Yes, this is the really fun part... of course there is a fair amount
of literature on parallel discrete-event simulation that applies, and
lots of known concepts like conservative vs. optimistic
synchronization, lookahead, null messages, etc.  I agree there's still
room for new thinking & understanding on accuracy/performance
tradeoffs, particularly since the CMP-on-CMP domain is different from
what a lot of the prior work has looked at.

Our assumption when we've talked about this has been that we'd just do
a conservative simulation with relatively frequent synchronization
(based on the limited lookahead you can get on a bus), and hypothesize
that on a CMP the sync overhead wouldn't be that bad.  I think it's
worth doing that as a baseline and then seeing to what extent that
hypothesis is true before diving into a more complex technique.

> A solution could be to forward the scheduling time of past events
> scheduled by a slow root queue on some fast concurrent other queue,
> track all child-events spawning from its processing (together they
> would form a chain of events, actually more like a tree of events),
> while saving the original root time, and then shift back the
> scheduling time of those events in the chain which get scheduled back
> on the original root queue. Similarly, future events originating from
> fast threads would get scheduled in the past. Local time shouldn't
> matter only the time an event chain spent in a certain timezone. I
> hope this makes sense.

I think a basic approach that simply uses synchronization to prevent
fast threads from getting too far ahead is the best place to start
(where how you define "too far ahead" is basically your
performance/accuracy tradeoff).

>> For atomic mode, things are of course very different. [...]
>
> Doesn't this require a sort of transaction-like cache operation which
> could get rolled back when a deadlock gets detected? An easier way
> would be to detect a miss before an atomic call is made to the L1
> cache (by means of functional calls, or some other form of cache
> inspection), that way we could lock before we change L1 state? Is
> there any easy way to detect this with minor modifications to the
> cache implementation?

Yes, that's right; all the code that could get retried would have to
be idempotent.  I was ignoring this before because I believe that as
far as the operational cache state goes (tags, etc.) this is probably
already true (though I haven't checked).  Now that you mention it
though, I see that that's definitely not true for statistics.  One
possible solution is just to have a retry flag that indicates if this
is a retry, and put all the stats updates inside an "if (retry)"
block.

I think the two-pass thing is less desirable because (1) functional
accesses don't really understand the coherence protocol and (2) most
of your accesses will be L1 hits, and I'd guess that most L1 misses
won't encounter contention, so for performance you really want to
optimistically assume that it's going to be fine the first time and
shift the correctness burden to the less common case of having to
retry.

>> As far as your more specific questions:
>> - Returning 'false' to a sendTiming to handle deadlock won't work in
>> general, as there are some messages (like snoop responses, IIRC) that
>> aren't allowed to be nacked in that fashion for protocol deadlock
>> reasons.
>
> What about always returning true and handling false separately?

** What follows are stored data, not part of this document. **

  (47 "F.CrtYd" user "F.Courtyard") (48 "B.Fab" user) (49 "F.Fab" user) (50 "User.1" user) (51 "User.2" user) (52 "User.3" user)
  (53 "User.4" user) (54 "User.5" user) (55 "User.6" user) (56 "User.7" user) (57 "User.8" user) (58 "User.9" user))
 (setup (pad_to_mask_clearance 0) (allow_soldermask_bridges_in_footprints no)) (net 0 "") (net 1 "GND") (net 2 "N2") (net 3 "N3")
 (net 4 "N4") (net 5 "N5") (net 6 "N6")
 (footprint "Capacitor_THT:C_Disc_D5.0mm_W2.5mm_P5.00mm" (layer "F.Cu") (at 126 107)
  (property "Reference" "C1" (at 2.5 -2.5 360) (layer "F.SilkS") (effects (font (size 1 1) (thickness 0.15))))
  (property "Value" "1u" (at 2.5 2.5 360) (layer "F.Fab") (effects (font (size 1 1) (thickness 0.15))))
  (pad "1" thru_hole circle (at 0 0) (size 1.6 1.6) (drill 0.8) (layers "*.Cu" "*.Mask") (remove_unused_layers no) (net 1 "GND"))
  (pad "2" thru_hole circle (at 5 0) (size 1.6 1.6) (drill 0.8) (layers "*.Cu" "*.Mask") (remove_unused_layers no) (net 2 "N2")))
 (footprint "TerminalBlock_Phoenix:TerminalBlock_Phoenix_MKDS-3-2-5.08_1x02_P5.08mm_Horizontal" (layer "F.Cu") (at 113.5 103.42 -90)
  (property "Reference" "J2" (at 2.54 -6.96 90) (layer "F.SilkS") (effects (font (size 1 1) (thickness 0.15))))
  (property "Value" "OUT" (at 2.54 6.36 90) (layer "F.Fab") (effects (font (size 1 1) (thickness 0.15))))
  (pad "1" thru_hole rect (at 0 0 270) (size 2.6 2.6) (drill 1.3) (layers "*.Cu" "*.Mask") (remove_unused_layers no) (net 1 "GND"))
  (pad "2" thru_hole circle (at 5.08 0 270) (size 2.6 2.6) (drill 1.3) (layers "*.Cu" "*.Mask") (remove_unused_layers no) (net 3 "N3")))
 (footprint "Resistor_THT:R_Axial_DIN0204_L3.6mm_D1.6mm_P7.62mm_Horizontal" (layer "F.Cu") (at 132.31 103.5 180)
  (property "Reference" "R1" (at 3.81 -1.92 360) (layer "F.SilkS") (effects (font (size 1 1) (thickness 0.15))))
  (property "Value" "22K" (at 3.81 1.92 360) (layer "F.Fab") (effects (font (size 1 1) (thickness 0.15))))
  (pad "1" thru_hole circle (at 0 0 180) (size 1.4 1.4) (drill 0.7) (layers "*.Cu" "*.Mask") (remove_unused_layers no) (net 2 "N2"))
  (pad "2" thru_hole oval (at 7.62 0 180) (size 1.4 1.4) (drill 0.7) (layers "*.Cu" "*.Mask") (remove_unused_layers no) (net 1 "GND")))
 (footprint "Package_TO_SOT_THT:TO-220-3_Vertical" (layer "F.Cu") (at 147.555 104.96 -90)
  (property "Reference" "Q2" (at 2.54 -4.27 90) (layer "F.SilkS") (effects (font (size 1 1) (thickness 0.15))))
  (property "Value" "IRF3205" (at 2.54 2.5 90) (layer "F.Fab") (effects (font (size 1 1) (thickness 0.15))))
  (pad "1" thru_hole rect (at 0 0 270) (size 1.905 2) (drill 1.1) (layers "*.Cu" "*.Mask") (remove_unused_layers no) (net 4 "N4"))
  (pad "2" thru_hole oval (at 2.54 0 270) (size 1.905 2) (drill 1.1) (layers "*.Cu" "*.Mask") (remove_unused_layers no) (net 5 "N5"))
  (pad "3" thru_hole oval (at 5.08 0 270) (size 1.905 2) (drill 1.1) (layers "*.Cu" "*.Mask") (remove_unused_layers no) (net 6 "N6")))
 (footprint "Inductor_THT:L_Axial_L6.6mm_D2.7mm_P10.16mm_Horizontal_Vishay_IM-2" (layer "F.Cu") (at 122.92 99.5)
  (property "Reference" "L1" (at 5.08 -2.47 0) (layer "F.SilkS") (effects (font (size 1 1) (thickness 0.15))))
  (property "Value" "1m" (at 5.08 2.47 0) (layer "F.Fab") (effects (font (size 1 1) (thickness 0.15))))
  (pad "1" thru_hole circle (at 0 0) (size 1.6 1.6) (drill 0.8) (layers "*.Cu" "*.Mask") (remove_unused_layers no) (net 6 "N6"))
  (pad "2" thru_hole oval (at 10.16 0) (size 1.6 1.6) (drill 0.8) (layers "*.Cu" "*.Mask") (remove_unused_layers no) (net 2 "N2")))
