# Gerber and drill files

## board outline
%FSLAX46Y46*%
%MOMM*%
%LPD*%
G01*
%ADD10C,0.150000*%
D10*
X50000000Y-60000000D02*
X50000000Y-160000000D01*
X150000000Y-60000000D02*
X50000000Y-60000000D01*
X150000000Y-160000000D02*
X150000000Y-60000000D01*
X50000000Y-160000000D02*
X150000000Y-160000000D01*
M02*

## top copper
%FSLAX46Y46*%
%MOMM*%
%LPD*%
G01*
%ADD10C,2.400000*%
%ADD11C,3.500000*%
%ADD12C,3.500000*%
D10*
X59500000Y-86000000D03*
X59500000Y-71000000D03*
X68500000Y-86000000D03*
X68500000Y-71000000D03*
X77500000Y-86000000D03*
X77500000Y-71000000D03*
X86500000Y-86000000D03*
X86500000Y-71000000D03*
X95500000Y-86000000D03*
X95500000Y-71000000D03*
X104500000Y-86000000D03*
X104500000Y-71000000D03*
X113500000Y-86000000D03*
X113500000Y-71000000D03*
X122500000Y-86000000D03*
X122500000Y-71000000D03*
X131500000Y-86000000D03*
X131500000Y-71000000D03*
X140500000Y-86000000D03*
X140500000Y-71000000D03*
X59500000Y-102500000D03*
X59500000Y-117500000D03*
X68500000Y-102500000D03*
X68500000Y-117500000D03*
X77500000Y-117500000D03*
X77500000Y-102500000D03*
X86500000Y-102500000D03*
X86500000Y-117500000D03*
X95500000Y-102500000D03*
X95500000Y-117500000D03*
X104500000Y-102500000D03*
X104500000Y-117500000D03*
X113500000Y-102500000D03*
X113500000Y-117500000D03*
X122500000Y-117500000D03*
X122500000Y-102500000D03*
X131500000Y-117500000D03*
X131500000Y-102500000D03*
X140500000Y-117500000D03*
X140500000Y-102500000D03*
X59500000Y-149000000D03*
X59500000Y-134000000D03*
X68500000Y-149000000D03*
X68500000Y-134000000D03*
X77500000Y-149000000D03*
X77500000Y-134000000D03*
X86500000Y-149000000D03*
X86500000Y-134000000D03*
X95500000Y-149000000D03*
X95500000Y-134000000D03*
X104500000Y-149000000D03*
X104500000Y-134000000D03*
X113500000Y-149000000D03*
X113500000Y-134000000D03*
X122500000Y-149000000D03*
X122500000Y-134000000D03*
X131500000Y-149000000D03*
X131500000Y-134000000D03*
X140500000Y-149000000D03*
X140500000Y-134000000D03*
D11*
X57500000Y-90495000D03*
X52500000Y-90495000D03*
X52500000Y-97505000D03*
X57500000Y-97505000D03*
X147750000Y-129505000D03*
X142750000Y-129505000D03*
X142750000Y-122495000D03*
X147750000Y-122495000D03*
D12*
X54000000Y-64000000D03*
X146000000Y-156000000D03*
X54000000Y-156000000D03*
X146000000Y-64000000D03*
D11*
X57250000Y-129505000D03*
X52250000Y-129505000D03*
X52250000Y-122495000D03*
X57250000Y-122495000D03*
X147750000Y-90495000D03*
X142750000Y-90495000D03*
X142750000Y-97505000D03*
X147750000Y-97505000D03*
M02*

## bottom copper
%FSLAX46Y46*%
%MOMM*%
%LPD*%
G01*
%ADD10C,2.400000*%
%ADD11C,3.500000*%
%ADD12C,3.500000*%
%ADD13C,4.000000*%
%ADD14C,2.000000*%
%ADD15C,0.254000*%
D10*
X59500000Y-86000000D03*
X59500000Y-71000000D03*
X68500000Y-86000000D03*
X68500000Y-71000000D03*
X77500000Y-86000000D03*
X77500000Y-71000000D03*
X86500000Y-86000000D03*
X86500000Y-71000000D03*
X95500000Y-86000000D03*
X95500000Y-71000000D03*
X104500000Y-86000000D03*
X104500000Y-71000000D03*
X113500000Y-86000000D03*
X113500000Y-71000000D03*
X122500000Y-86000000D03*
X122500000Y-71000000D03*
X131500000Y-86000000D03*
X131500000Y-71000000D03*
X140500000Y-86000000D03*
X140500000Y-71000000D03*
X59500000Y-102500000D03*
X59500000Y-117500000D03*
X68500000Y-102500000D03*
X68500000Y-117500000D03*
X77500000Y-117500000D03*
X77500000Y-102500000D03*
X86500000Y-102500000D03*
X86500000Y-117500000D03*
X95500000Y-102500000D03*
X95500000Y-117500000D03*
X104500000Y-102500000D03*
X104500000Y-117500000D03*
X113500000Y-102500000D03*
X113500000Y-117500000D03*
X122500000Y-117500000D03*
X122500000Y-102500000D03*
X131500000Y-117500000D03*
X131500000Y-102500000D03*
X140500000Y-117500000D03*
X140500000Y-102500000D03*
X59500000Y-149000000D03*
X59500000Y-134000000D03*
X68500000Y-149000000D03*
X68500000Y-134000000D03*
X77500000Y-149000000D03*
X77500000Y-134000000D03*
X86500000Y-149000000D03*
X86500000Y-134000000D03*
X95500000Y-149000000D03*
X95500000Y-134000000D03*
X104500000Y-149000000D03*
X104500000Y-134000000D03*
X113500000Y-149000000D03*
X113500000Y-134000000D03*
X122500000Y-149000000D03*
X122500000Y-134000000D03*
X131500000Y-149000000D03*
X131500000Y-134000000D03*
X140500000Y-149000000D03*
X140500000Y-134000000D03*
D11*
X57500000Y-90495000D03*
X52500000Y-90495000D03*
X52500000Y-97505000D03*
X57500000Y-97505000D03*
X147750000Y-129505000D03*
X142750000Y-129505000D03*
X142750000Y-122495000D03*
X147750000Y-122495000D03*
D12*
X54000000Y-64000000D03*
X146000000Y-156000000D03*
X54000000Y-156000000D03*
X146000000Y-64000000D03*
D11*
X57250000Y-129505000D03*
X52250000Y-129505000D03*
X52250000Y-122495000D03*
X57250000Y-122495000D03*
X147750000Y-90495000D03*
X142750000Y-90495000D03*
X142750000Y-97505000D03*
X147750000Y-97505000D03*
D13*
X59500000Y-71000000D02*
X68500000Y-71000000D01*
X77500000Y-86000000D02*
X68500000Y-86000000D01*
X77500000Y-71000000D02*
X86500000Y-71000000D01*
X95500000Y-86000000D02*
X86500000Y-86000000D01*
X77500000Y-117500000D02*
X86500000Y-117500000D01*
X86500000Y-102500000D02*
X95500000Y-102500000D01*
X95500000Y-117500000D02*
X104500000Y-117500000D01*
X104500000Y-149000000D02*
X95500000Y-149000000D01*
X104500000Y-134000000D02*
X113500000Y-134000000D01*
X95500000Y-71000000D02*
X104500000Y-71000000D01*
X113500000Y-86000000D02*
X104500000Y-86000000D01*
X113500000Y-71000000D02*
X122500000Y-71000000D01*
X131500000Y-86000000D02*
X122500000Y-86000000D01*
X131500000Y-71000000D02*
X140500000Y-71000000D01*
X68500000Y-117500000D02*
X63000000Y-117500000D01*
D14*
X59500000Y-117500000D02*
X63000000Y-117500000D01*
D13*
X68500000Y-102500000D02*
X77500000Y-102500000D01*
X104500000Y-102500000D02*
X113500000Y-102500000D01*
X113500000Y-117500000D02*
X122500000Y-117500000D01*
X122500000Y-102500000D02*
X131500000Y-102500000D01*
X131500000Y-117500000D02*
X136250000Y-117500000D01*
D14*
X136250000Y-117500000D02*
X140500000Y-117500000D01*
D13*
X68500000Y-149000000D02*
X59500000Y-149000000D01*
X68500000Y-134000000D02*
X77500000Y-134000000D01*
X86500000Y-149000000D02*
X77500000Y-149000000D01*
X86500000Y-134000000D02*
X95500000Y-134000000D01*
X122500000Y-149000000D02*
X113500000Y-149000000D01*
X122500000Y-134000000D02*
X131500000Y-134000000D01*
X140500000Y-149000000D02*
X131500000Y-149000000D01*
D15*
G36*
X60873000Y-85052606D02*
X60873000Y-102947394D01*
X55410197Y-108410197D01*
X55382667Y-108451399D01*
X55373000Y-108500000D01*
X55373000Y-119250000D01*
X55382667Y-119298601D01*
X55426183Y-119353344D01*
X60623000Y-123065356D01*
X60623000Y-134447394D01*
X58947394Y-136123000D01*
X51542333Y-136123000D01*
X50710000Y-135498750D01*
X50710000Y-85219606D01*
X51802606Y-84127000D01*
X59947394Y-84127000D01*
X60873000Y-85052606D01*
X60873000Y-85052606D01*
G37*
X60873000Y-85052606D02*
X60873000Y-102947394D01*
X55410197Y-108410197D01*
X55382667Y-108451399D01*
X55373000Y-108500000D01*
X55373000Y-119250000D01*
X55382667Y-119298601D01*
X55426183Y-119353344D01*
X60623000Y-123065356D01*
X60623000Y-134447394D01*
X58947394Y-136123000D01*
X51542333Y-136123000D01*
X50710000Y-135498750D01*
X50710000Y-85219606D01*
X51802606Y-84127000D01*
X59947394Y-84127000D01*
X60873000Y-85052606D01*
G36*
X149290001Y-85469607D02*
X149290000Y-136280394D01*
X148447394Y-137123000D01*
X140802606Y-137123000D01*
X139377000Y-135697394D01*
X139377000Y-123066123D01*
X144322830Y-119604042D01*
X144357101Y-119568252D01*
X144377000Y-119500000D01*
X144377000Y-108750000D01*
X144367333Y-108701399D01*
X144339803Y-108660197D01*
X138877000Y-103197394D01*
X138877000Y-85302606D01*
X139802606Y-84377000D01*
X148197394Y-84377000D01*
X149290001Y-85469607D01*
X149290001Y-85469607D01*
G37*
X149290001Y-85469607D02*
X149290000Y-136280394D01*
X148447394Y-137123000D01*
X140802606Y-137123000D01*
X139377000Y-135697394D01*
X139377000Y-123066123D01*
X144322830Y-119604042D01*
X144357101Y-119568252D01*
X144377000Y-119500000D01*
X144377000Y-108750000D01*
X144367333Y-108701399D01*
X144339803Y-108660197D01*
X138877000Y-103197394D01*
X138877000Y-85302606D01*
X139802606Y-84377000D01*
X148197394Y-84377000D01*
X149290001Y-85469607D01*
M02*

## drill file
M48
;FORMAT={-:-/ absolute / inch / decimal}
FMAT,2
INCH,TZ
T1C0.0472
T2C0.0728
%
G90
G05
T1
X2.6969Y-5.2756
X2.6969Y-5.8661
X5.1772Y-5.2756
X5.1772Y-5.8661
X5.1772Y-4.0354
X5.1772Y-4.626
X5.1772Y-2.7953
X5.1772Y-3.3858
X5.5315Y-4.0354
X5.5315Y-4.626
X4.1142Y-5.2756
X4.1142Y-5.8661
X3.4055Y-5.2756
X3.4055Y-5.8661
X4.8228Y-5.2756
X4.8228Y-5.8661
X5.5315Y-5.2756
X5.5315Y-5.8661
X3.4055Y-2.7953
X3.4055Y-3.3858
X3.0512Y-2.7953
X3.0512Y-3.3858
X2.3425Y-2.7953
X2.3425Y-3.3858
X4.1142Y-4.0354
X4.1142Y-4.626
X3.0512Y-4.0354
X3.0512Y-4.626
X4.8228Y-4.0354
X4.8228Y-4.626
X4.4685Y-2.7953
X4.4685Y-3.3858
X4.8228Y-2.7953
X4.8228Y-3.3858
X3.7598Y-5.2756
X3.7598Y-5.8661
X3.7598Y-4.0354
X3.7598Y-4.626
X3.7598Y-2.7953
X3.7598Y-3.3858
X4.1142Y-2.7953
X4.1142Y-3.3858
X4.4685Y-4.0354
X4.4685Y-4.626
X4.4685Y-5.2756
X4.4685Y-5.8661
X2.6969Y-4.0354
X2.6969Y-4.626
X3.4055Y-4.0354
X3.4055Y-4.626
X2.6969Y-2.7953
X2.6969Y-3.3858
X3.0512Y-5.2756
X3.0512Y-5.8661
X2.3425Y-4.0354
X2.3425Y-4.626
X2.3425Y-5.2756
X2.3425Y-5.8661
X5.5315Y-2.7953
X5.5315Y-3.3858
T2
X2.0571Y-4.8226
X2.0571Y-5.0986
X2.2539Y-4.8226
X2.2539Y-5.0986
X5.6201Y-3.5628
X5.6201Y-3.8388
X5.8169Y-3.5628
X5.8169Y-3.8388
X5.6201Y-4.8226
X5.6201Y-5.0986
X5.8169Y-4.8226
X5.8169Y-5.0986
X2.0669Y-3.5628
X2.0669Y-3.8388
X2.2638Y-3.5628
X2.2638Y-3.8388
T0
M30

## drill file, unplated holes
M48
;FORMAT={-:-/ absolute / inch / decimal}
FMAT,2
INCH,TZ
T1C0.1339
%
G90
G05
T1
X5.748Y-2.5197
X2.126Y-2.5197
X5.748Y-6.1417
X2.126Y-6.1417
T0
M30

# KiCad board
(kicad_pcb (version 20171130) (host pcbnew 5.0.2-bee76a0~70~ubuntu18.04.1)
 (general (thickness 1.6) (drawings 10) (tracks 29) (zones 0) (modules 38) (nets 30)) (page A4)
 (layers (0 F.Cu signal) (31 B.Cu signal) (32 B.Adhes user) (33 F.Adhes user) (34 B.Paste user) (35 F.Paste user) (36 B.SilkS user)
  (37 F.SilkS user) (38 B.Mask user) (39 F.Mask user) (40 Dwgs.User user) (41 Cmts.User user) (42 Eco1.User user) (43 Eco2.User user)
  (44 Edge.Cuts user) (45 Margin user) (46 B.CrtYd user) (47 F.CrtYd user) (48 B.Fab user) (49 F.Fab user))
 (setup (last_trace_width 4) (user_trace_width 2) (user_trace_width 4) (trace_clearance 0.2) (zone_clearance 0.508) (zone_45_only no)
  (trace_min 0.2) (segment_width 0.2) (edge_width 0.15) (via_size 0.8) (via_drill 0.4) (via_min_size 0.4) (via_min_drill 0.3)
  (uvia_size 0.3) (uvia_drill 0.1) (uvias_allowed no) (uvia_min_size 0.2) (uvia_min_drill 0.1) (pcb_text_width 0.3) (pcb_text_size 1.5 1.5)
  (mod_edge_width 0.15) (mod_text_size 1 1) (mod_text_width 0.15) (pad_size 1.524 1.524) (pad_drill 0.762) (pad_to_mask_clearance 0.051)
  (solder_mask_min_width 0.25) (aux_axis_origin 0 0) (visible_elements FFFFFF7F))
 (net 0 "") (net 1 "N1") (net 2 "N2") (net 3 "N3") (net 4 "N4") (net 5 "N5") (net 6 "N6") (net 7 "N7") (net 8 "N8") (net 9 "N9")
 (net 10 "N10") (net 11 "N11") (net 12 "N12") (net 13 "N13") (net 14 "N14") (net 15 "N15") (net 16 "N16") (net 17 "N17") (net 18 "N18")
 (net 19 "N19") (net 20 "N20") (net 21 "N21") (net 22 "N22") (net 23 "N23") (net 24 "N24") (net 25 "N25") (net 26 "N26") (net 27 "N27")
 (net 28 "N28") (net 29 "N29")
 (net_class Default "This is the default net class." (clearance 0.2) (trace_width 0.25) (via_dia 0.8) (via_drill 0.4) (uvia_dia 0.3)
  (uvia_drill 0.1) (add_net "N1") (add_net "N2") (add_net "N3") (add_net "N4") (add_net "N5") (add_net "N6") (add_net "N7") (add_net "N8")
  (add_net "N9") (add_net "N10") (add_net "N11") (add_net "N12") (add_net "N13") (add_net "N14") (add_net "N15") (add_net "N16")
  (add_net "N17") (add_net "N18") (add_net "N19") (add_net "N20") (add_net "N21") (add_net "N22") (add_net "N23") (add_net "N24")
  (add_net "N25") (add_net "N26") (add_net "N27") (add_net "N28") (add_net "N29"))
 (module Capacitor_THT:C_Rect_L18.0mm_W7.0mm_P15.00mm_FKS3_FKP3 (layer F.Cu) (at 59.5 86 90)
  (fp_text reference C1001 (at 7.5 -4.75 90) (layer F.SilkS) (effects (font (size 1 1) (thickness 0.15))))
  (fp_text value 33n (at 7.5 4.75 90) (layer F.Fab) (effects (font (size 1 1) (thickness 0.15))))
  (pad 1 thru_hole circle (at 0 0 90) (size 2.4 2.4) (drill 1.2) (layers *.Cu *.Mask) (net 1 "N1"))
  (pad 2 thru_hole circle (at 15 0 90) (size 2.4 2.4) (drill 1.2) (layers *.Cu *.Mask) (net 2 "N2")))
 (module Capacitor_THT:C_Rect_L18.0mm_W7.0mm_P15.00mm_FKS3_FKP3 (layer F.Cu) (at 68.5 71 270)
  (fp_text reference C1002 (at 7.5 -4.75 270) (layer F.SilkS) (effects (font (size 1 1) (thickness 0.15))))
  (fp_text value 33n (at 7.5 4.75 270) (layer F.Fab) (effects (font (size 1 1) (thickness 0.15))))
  (pad 2 thru_hole circle (at 15 0 270) (size 2.4 2.4) (drill 1.2) (layers *.Cu *.Mask) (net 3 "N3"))
  (pad 1 thru_hole circle (at 0 0 270) (size 2.4 2.4) (drill 1.2) (layers *.Cu *.Mask) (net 2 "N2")))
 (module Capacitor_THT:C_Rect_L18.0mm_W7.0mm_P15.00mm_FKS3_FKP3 (layer F.Cu) (at 77.5 86 90)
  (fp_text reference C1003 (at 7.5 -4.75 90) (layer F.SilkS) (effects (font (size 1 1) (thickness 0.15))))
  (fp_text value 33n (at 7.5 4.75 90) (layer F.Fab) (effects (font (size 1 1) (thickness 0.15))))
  (pad 1 thru_hole circle (at 0 0 90) (size 2.4 2.4) (drill 1.2) (layers *.Cu *.Mask) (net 3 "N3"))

I don't follow... you have to have some low-level flow control on the
port, and if the packet has been accepted, it's good to know ASAP that
the sender is done with it.  In a sense you can't return true and then
later change your mind to false, you have to always return false
(don't assume it's been accepted) if you're always going to return the
same thing.  Maybe in light of the further discussion above you'll
agree that this isn't the crux of the problem.